Les marques ne peuvent pas détecter LA vidéo qui fera le buzz, pour la parodier avant tout le monde. Elles comptent donc sur les internautes pour faire ce travail à leur place et ensuite surfer sur la vague, mais à ce moment-là, elle est déjà en train de retomber.
Pourquoi autant de succès ?
Beaucoup ont comparé ce succès viral au « Gangnam Style » de Psy. Mais j’ai du mal à croire que seule une chorégraphie amusante suffise à expliquer une telle déferlante. J’ai le sentiment que tous reprennent le Harlem Shake sans bien savoir pourquoi. C’est amusant, certes, mais quel sens peut-on donner à ce phénomène ? Le phénomène initial d’appropriation a été décrit comme « un exutoire collectif qui rompt l’ordre établi pour mieux simuler le chaos » et « un carnaval organisé à l’échelle de la planète ». Mais pourquoi les médias et les marques l’ont accueilli à bras ouvert ? Peut-on parler de « YouTube de groupe » ?
La page Wikipedia du Harlem Shake cite l’article « The Harlem Shake : derrière l’absurde, un appel à la révolution » : « À y regarder de plus près, passée la surprise amusée de la découverte, un sentiment de malaise s’installe. Ces personnes qui dansent vivent-elles toutes isolées dans un monde qui leur est propre ? Est-ce là l’image de la société actuelle et des relations entre ses membres ? Aucune communication apparente, chacun dans son coin, à danser, frétiller, s’ébrouer, sauter sur des canapés… ».
Plusieurs polémiques autour du Harlem Shake
Récemment, des étudiants de facultés américaines ont été exclus pour avoir organisé sans autorisation un Harlem Shake dans les locaux de leurs écoles et facultés.
En Tunisie, le ministre de l’Éducation a ordonné une enquête contre des lycéens suite à la réalisation d’un Harlem Shake. Les étudiants, déguisés en salafistes pour certains et à moitié nus pour d’autres, ont publié leur vidéo sur YouTube et Facebook. Elle se diffuse rapidement mais déplait fortement au ministre de l’Éducation du pays, qui considère que ce dérapage va à l’encontre des missions éducatives et atteint à la pudeur.
Si à l’origine le Harlem Shake est une danse de hip-hop des années 80 dans laquelle il s’agissait de dissocier de façon excentrique les épaules du bassin, le quartier d’origine de la danse, Harlem, n’est pas fan de cette nouvelle mode.
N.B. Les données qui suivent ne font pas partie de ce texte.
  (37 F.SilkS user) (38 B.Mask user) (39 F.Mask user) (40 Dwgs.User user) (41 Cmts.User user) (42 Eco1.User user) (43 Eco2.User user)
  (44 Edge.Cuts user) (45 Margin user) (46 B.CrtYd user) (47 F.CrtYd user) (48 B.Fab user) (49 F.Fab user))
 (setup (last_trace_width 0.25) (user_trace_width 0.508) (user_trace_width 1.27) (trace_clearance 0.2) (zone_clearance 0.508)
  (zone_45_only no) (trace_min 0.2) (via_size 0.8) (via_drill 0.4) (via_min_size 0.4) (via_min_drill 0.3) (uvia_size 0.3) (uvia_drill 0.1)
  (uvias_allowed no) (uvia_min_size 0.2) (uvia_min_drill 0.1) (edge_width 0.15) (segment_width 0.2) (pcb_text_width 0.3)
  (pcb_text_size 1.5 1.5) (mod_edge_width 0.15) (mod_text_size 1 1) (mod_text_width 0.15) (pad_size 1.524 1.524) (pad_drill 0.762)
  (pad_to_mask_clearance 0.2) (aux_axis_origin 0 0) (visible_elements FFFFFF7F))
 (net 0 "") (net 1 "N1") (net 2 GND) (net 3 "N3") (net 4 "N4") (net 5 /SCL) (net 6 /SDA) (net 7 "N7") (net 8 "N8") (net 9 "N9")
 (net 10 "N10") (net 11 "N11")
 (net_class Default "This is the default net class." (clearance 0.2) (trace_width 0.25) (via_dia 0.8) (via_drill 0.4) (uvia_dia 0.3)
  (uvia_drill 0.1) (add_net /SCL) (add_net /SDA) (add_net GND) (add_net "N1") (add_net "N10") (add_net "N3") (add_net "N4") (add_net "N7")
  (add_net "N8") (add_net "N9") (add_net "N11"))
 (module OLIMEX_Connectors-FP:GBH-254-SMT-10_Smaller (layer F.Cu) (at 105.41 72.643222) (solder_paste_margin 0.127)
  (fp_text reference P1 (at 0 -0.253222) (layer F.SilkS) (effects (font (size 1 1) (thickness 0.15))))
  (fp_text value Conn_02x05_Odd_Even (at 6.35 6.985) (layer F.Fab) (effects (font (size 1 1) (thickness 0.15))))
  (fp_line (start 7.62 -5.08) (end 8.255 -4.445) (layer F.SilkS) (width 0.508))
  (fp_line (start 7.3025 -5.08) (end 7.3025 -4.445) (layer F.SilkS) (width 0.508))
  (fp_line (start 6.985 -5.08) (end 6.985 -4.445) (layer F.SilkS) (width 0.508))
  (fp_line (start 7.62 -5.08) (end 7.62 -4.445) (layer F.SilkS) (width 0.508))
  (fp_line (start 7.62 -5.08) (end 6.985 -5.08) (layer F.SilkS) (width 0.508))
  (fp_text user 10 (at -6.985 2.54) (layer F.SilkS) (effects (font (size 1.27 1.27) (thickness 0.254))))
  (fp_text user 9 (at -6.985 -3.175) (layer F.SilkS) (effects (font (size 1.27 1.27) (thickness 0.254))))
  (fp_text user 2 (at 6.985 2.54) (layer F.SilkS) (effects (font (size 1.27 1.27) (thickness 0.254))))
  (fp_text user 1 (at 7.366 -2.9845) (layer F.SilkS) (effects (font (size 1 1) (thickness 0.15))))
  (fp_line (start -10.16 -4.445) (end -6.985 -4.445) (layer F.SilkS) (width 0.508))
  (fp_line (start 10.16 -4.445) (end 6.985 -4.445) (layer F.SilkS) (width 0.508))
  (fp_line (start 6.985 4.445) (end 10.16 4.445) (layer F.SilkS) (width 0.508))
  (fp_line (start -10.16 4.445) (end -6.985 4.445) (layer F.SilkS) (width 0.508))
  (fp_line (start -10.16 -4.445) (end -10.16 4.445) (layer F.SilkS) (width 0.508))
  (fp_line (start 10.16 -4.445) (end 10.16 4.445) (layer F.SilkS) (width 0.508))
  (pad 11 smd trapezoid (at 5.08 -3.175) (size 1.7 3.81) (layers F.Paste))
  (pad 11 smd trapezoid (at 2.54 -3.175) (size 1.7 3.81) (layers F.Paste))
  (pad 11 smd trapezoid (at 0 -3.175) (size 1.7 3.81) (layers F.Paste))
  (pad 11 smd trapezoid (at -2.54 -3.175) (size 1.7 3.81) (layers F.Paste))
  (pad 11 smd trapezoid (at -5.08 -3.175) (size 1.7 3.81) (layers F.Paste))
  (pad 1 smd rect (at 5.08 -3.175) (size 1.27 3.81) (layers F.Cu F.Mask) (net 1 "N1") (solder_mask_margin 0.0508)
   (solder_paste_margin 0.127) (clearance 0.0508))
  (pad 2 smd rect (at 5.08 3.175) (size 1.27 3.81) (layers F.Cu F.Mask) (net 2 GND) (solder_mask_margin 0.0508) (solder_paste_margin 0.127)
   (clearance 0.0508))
Selon les habitants du quartier, personne ne danse le Harlem Shake dans ces vidéos. Harlem y voit une appropriation frauduleuse de la culture noire américaine et une atteinte au mode de vie du quartier.
Avec des intentions purement potaches, peut-on voir autre chose qu’une grosse blague moderne derrière un phénomène comme le Harlem Shake ? Doit-on déduire de cette histoire que la durée de vie des buzz est de plus en plus courte ? Détesterons-nous demain ce que nous adorons aujourd’hui ? Plus globalement j’y vois une nouvelle étape franchie dans le monde magique de l’Internet : les tendances se font et se défont à une vitesse qui commence même à nous dépasser.